Commentary

What the Traffic Will Bear

Want the fast lane? Pay for it

Driving on the nation’s highways has nearly doubled over the past two decades, while road capacity has increased only 5%. No wonder we’re stuck in traffic. Yet we can cut down on congestion by building more roads and imposing tolls. Sure, you’re probably having a road-rage moment at the prospect of forking out billions in taxes and tolls. But this can work without broad taxes if we shift to a market-based toll system.

Two innovations point the way. The first is technology that permits fully automated toll collection at highway speeds. This is usually done via dashboard-mounted electronic toll tags read by an overhead gantry at 65 miles per hour. Your toll charge is deducted from a prepaid account. If you don’t want an account, video equipment can read your license plate and send you a monthly bill.

That technology makes possible the other innovation: market pricing for roadways used to bring demand and supply into balance at rush hour. Nearly a decade of experience on two California express-lane projects, one in Orange County and the other in San Diego, has shown that we can prevent overload by finely tuned pricing, limiting traffic to what the roadway can bear.

Drivers in California can buy a 65mph trip in a limited access lane at rush hour, if they value it highly enough. At the busiest times the price can exceed $6 to go 10 miles. That may seem expensive, but saving 20 minutes can be worth it, even to people of modest means, like a working mother racing to pick up her child from day care before a late fee of $20 kicks in. By installing a toll tag on your dashboard, you get congestion insurance-the knowledge that on those days and at those times when you really need to get somewhere on time, you have an alternative to the gridlocked freeway.

Addressing congestion this way deals with both the demand for and the supply of roadway space. Charging a market price sends a signal to commuters that roadway space is a scarce and valuable commodity at rush hour. Faced with this information, some will pay the price and travel just as before, but others may decide to wait until later in the day when the price is lower (or zero) or take mass transit. That reduces rush-hour demand on roadway space.

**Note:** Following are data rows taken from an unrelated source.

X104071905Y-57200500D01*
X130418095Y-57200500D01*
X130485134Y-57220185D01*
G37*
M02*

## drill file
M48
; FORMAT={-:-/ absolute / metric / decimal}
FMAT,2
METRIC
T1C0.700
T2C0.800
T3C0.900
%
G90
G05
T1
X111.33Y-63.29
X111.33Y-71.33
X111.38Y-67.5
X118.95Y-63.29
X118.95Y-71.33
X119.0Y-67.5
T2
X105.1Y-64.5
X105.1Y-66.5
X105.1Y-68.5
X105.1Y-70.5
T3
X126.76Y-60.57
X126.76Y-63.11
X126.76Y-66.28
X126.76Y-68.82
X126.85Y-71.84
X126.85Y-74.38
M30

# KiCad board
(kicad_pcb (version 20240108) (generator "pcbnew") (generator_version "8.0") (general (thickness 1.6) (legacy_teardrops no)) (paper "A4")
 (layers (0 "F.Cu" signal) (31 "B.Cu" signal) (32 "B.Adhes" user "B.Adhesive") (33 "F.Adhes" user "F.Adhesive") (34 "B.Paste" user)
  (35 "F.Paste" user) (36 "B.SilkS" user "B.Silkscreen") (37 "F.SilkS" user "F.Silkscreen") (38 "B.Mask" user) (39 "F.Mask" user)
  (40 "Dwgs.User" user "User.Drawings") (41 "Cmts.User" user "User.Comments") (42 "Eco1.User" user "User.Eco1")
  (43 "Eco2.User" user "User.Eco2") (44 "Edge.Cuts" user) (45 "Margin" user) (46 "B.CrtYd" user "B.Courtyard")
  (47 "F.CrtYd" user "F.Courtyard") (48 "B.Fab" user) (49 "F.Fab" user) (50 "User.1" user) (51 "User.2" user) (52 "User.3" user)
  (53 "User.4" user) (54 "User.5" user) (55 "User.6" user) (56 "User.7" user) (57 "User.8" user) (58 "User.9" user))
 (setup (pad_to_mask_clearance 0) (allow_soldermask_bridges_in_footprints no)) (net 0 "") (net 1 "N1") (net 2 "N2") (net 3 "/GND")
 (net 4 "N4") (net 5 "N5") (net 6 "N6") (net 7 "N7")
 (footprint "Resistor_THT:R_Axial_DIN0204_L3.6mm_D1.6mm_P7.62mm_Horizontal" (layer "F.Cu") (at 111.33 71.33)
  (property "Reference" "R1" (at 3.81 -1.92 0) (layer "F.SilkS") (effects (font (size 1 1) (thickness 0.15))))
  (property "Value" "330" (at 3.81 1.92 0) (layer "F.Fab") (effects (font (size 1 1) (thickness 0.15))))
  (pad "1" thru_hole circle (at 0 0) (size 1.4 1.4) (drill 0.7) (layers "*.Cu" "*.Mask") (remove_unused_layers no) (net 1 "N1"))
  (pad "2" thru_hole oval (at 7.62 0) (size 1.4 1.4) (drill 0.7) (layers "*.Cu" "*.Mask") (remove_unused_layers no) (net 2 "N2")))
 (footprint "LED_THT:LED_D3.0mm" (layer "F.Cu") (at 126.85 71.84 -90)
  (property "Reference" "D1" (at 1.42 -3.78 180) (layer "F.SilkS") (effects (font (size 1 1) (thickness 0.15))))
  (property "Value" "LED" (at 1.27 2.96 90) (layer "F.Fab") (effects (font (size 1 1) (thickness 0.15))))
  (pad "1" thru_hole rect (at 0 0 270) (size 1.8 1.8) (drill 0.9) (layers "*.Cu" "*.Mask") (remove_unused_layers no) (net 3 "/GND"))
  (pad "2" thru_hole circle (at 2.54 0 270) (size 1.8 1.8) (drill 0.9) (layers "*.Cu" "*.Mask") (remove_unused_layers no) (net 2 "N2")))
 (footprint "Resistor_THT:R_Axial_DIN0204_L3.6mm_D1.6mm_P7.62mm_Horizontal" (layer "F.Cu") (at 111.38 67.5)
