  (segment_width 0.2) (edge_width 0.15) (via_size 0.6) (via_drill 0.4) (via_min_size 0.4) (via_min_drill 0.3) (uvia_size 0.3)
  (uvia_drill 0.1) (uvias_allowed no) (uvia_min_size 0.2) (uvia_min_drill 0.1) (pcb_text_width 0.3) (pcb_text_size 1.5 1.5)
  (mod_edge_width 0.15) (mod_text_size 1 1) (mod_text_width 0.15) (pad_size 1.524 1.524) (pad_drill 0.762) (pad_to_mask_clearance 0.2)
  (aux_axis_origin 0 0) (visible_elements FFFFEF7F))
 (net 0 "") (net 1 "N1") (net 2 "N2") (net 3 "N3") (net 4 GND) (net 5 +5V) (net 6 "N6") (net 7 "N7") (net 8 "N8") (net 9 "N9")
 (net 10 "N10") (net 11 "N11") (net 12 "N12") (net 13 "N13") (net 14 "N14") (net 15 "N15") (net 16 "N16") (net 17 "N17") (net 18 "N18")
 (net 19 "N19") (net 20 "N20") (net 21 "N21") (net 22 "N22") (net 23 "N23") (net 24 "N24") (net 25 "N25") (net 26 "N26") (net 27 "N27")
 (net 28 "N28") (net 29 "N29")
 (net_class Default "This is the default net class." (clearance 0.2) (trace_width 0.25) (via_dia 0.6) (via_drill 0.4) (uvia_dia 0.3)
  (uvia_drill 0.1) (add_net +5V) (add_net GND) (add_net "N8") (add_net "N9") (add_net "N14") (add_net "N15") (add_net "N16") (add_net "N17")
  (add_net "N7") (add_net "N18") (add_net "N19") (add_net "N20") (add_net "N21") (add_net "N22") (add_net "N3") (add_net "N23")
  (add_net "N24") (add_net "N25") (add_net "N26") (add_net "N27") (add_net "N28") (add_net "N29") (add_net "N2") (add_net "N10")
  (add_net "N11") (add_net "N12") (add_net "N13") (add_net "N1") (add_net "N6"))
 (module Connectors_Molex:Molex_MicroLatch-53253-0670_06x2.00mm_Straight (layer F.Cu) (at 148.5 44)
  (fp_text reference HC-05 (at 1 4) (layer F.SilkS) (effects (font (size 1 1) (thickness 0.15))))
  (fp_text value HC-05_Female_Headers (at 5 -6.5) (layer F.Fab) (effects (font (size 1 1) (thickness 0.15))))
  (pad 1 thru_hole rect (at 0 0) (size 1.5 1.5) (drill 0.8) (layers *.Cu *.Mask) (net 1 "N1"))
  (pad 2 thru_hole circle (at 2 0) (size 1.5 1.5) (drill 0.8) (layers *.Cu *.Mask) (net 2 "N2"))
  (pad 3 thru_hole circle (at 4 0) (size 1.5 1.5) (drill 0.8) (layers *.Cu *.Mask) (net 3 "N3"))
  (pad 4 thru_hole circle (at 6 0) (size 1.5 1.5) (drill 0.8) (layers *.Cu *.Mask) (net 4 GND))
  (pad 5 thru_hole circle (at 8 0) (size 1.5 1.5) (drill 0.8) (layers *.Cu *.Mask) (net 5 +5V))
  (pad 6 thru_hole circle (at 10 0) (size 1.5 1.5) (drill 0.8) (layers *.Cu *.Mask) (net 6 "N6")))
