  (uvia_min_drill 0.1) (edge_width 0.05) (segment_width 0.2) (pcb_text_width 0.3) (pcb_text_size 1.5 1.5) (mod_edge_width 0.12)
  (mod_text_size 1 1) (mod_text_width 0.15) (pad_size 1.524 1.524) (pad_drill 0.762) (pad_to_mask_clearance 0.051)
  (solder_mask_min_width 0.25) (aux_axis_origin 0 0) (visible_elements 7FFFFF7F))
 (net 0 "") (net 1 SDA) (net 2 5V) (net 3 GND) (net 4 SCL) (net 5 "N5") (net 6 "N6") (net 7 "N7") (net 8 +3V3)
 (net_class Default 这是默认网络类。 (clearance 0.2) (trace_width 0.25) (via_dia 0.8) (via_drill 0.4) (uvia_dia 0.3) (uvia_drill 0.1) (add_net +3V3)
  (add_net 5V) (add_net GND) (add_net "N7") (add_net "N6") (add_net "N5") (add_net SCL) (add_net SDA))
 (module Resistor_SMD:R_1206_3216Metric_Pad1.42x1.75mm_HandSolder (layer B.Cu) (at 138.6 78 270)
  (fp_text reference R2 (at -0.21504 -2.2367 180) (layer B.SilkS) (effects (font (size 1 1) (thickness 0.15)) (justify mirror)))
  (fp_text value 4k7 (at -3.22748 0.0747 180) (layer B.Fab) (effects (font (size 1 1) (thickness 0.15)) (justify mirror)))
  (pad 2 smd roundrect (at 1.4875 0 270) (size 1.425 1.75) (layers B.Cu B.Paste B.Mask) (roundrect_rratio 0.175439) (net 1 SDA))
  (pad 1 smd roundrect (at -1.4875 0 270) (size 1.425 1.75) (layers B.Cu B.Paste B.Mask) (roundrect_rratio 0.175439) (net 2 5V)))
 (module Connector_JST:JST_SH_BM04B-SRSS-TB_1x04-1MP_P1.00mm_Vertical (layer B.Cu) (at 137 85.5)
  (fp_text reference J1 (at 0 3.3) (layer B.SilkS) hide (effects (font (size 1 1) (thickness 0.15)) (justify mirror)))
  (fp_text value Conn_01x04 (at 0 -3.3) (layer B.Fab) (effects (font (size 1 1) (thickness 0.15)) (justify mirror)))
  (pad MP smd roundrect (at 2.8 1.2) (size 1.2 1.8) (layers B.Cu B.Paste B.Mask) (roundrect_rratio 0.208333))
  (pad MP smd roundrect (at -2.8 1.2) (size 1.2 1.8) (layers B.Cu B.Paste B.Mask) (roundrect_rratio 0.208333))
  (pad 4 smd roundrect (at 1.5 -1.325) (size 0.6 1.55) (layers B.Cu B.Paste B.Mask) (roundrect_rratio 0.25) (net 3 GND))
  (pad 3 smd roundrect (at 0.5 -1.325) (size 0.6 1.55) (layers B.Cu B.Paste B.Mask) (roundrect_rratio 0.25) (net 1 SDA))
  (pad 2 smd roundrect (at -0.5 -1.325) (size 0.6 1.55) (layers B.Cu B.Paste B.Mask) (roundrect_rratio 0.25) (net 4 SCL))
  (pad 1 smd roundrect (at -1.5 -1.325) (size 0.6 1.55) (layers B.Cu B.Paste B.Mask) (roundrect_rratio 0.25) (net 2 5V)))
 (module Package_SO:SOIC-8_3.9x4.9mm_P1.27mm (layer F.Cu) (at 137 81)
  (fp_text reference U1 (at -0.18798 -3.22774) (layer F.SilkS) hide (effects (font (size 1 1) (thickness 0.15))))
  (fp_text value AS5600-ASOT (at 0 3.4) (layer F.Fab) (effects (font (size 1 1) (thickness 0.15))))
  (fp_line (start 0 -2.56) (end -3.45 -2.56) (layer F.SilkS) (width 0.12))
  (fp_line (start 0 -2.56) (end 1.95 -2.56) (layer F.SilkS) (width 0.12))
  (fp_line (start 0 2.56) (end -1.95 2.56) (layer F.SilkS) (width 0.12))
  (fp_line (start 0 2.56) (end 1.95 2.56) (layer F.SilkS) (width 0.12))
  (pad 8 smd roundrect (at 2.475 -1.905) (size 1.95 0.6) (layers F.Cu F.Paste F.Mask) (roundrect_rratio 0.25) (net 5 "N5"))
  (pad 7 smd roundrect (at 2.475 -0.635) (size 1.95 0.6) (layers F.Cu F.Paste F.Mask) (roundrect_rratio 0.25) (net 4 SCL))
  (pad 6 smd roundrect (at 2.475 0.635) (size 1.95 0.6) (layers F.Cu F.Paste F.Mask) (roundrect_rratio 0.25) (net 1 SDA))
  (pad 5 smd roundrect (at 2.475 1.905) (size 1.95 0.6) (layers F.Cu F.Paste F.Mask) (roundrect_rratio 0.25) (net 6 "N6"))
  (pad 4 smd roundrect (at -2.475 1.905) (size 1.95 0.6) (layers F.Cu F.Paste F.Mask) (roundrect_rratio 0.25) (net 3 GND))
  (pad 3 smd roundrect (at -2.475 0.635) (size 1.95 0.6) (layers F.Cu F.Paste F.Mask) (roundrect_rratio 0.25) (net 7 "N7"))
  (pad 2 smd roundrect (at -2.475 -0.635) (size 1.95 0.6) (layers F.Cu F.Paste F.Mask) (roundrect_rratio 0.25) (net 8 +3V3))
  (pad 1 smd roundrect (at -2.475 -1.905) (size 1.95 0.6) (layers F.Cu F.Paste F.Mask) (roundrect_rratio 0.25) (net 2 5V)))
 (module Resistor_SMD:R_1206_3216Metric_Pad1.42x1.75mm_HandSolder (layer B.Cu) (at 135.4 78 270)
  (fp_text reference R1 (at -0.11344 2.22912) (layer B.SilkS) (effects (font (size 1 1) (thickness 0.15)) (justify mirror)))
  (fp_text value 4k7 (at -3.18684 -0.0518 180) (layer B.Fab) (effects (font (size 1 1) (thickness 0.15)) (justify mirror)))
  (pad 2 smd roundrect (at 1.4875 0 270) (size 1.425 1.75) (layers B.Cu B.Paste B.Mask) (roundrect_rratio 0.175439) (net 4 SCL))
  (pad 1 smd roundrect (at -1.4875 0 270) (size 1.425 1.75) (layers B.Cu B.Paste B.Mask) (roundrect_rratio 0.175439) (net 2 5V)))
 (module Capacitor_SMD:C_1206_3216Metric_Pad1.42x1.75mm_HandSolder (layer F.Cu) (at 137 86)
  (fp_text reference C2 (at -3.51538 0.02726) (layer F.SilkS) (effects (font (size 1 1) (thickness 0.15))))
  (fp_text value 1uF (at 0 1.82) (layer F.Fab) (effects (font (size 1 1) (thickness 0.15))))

The premium price chargeable at rush hour creates a revenue stream that can be used to issue bonds (as with conventional toll roads) that can pay for some or all of the cost of building the new high-price express lanes. This is exactly what happens in other networked utilities, like electricity or telecommunications, when demand runs ahead of supply. It only seems novel in this situation because government has run highways on a non-market basis for so long.

The logic of this approach implies that if we could, we should shift the entire highway system to market pricing, but that is not politically feasible. Drivers pay user taxes dedicated to transportation, so they staunchly oppose being asked to pay tolls in addition to gas taxes. But as the benefits of voluntary new congestion-relief lanes have been demonstrated in California, highway user groups have been warming up to the idea, supporting the recent congressional bills to add electronically tolled fast lanes to interstate highways.

Indeed, the good news is that the two California express-lane projects have sparked nationwide interest. Many cities, from Atlanta, Denver and Houston to Miami and Minneapolis, are converting or building roadways for use as market-priced express lanes, with electronic variable pricing. Generally, higher-occupancy vehicles (including transit buses) will continue to use the special lanes at no charge. Both houses of Congress have endorsed the idea of adding priced lanes for another six years to congested interstates as part of the reauthorization of the federal transportation program.

Over the next two decades we may see entire networks of value-priced express lanes added to congested urban expressways. And a portion of these lanes would be reserved for express bus service. Although we may not be able to build our way out of congestion, we can price our way out of it.

Robert W. Poole Jr. is director of transportation studies and founder of the Reason Foundation.